**TASK TO COMPLETE**
Your answer must hold only the lines below from the line containing "X168815179Y-85200148D01*" through the line containing "X169173258Y-84884259D01*", each reproduced exactly.

[Stored data]
--------------------
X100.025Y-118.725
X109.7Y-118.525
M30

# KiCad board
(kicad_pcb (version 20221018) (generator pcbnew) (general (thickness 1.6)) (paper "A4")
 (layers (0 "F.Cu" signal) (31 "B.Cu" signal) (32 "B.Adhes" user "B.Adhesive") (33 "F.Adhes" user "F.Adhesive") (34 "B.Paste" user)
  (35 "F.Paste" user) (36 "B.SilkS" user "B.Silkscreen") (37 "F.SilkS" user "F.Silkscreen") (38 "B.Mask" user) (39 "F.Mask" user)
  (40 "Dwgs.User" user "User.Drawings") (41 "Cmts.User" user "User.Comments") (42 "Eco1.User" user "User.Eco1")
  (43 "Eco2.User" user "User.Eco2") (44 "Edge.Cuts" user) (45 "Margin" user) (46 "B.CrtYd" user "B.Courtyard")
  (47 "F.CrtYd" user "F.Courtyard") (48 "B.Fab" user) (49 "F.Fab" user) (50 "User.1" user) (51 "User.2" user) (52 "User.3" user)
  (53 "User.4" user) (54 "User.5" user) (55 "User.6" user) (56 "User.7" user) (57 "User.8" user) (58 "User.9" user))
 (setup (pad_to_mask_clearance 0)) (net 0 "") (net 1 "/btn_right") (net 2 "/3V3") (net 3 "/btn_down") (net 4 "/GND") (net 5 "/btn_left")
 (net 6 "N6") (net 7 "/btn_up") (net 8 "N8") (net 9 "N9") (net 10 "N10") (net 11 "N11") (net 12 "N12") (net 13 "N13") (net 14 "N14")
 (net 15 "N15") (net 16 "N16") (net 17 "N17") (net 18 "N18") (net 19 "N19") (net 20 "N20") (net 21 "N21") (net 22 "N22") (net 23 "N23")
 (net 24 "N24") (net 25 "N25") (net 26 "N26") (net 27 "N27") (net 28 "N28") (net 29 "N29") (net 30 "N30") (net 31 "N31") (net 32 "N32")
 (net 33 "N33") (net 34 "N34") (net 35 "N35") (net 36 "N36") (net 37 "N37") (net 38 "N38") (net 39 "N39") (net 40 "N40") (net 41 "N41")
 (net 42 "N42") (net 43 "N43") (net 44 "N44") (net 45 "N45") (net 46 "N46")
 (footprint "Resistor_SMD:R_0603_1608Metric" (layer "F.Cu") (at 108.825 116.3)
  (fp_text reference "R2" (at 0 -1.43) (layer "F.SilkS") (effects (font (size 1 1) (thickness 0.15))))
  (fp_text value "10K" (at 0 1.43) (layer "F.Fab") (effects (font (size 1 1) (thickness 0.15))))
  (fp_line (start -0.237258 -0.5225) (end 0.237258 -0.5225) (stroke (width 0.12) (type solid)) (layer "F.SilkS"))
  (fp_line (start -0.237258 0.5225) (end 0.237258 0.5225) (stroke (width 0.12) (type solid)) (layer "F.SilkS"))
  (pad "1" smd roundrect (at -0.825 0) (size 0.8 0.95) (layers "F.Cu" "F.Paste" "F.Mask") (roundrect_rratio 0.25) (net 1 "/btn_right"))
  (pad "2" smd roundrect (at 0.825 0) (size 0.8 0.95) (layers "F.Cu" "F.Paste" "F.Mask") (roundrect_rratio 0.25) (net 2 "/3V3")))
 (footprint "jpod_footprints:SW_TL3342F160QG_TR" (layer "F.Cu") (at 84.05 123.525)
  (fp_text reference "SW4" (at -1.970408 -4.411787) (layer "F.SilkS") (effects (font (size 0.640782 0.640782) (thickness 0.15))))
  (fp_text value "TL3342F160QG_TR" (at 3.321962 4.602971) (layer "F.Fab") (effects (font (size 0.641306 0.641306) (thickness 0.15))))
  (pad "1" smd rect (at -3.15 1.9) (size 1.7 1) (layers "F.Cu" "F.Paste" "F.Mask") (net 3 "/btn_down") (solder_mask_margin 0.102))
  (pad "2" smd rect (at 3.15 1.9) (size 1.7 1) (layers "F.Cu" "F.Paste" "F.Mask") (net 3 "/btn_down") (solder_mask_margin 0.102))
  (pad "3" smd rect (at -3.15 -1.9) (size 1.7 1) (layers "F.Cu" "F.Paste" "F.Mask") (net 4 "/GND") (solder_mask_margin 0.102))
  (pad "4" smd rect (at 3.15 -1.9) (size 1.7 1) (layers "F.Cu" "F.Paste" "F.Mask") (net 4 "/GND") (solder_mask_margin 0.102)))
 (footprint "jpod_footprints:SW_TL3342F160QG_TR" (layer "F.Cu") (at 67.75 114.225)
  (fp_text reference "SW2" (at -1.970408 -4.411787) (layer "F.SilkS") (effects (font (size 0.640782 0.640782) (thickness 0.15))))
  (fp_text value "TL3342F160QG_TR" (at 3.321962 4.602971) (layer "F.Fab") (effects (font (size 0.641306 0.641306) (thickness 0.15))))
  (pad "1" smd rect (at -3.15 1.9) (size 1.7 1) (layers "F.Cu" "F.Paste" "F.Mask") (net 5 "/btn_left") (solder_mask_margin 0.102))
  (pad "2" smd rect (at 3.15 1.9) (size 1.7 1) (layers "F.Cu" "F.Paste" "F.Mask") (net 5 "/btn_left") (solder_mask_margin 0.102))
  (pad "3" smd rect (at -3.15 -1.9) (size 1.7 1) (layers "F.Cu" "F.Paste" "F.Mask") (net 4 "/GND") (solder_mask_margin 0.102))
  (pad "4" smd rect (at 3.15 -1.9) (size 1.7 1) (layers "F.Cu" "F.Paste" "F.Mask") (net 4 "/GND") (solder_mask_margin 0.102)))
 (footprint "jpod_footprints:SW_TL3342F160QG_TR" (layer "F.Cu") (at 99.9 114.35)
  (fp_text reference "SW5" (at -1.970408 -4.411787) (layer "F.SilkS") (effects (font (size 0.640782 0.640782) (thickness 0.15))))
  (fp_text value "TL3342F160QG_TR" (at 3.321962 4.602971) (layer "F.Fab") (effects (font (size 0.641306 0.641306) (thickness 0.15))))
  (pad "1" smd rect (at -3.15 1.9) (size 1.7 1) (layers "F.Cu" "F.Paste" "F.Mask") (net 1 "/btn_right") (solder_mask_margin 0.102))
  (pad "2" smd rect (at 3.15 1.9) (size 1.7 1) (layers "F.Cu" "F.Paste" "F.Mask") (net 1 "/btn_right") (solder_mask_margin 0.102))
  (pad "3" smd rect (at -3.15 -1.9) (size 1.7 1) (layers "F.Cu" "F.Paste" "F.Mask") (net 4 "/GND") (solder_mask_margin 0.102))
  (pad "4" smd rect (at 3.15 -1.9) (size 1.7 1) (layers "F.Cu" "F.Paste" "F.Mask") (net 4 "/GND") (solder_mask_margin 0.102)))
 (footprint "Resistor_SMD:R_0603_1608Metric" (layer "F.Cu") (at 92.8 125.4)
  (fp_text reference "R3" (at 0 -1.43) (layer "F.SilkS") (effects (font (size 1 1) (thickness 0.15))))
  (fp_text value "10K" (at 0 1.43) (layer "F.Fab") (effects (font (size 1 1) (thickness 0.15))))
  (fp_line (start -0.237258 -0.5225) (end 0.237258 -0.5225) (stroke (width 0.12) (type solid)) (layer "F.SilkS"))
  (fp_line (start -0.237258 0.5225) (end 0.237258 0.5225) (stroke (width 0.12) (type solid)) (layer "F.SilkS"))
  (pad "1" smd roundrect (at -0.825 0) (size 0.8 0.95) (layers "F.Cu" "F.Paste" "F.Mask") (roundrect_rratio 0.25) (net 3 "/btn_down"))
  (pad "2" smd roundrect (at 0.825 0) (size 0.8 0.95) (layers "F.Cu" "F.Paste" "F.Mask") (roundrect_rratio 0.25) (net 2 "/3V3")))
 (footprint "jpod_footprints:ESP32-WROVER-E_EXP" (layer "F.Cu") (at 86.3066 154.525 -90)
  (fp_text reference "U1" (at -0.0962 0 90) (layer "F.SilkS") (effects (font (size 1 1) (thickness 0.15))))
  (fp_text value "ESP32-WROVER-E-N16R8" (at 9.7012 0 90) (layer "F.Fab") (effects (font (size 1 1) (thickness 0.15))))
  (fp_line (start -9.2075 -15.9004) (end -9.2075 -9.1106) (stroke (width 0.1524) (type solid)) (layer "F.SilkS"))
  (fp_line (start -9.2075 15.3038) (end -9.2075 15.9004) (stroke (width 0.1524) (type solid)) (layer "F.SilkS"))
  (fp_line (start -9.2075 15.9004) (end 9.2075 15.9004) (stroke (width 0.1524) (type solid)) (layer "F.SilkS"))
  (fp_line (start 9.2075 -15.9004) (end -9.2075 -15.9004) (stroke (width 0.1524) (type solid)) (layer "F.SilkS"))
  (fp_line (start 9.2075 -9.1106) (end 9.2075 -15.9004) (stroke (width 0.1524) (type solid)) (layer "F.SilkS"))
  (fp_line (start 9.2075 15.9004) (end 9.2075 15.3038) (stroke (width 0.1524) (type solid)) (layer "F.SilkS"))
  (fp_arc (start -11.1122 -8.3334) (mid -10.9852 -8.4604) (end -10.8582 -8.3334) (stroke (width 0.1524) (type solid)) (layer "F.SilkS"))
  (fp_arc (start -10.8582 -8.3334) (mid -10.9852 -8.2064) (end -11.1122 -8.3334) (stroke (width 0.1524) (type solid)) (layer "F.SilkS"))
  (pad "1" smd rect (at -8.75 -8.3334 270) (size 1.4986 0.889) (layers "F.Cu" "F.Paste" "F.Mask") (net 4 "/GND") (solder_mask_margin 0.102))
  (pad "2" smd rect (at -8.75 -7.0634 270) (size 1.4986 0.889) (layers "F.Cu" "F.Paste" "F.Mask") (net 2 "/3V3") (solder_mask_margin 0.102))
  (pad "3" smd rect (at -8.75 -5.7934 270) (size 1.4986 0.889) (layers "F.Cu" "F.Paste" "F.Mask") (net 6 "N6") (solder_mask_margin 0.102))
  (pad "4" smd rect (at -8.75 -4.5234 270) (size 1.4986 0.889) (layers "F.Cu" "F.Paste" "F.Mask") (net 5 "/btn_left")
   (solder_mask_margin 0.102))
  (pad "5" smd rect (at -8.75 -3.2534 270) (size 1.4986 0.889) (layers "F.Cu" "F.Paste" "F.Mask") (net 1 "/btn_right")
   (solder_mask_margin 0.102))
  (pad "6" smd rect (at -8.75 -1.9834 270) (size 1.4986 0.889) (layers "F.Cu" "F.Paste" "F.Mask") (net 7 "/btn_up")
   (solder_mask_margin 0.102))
--------------------
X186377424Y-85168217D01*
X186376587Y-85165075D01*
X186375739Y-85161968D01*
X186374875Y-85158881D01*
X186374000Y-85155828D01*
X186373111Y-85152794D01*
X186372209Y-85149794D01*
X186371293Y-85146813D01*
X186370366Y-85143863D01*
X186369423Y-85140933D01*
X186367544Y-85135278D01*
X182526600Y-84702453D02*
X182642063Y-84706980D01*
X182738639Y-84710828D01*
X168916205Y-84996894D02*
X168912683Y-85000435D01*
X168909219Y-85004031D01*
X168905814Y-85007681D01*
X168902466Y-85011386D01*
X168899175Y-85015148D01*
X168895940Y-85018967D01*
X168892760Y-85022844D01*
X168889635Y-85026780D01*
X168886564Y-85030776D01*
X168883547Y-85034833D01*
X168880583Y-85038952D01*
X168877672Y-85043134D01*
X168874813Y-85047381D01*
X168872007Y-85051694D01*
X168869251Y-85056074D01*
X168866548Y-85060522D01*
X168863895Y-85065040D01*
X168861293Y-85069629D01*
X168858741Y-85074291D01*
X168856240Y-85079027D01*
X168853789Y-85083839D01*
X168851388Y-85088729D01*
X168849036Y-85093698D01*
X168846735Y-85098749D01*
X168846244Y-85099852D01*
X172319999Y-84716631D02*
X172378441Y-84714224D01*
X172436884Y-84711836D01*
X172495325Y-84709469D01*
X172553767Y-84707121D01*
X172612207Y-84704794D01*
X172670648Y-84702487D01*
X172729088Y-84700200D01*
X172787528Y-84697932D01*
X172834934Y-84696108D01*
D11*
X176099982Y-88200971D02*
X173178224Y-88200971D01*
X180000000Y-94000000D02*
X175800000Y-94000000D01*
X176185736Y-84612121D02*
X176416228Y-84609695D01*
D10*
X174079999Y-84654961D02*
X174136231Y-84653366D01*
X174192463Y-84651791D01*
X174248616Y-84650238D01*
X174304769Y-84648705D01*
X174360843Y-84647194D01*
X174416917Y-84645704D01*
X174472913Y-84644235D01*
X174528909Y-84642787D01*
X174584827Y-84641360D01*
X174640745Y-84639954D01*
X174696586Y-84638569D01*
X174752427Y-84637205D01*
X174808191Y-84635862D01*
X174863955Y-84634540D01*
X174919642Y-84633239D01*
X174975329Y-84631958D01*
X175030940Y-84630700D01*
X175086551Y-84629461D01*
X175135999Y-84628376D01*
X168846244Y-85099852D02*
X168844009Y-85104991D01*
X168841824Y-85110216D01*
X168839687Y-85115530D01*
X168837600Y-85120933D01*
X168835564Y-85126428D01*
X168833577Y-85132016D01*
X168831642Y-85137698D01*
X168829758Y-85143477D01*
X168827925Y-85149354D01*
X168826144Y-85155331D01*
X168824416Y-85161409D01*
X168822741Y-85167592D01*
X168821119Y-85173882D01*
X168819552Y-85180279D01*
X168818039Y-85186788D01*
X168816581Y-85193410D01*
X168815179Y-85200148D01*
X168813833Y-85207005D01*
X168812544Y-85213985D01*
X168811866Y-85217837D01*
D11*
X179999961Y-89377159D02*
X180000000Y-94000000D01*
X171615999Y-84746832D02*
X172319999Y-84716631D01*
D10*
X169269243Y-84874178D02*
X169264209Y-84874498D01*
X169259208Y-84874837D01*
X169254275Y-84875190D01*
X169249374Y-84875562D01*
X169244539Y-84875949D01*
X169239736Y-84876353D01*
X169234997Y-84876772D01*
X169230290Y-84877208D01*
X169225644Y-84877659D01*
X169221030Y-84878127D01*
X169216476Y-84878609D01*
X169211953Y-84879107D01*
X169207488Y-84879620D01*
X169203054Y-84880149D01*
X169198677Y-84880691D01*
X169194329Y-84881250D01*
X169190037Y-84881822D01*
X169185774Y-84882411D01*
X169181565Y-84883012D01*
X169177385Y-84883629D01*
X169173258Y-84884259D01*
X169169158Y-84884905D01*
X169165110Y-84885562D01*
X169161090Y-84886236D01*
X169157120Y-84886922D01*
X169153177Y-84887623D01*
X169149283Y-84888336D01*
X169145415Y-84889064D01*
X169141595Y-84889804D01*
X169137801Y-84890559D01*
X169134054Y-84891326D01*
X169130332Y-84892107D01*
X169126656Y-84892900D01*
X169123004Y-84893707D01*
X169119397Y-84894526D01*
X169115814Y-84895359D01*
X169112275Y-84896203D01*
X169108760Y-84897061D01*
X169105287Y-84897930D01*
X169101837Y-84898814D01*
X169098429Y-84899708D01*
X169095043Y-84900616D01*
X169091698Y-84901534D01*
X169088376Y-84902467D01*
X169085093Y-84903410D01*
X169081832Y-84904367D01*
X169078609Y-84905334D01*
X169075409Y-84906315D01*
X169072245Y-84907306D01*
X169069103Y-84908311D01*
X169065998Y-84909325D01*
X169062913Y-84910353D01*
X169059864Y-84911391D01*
--------------------
**TASK SOLUTION**
X168815179Y-85200148D01*
X168813833Y-85207005D01*
X168812544Y-85213985D01*
X168811866Y-85217837D01*
D11*
X179999961Y-89377159D02*
X180000000Y-94000000D01*
X171615999Y-84746832D02*
X172319999Y-84716631D01*
D10*
X169269243Y-84874178D02*
X169264209Y-84874498D01*
X169259208Y-84874837D01*
X169254275Y-84875190D01*
X169249374Y-84875562D01*
X169244539Y-84875949D01*
X169239736Y-84876353D01*
X169234997Y-84876772D01*
X169230290Y-84877208D01*
X169225644Y-84877659D01*
X169221030Y-84878127D01*
X169216476Y-84878609D01*
X169211953Y-84879107D01*
X169207488Y-84879620D01*
X169203054Y-84880149D01*
X169198677Y-84880691D01*
X169194329Y-84881250D01*
X169190037Y-84881822D01*
X169185774Y-84882411D01*
X169181565Y-84883012D01*
X169177385Y-84883629D01*
X169173258Y-84884259D01*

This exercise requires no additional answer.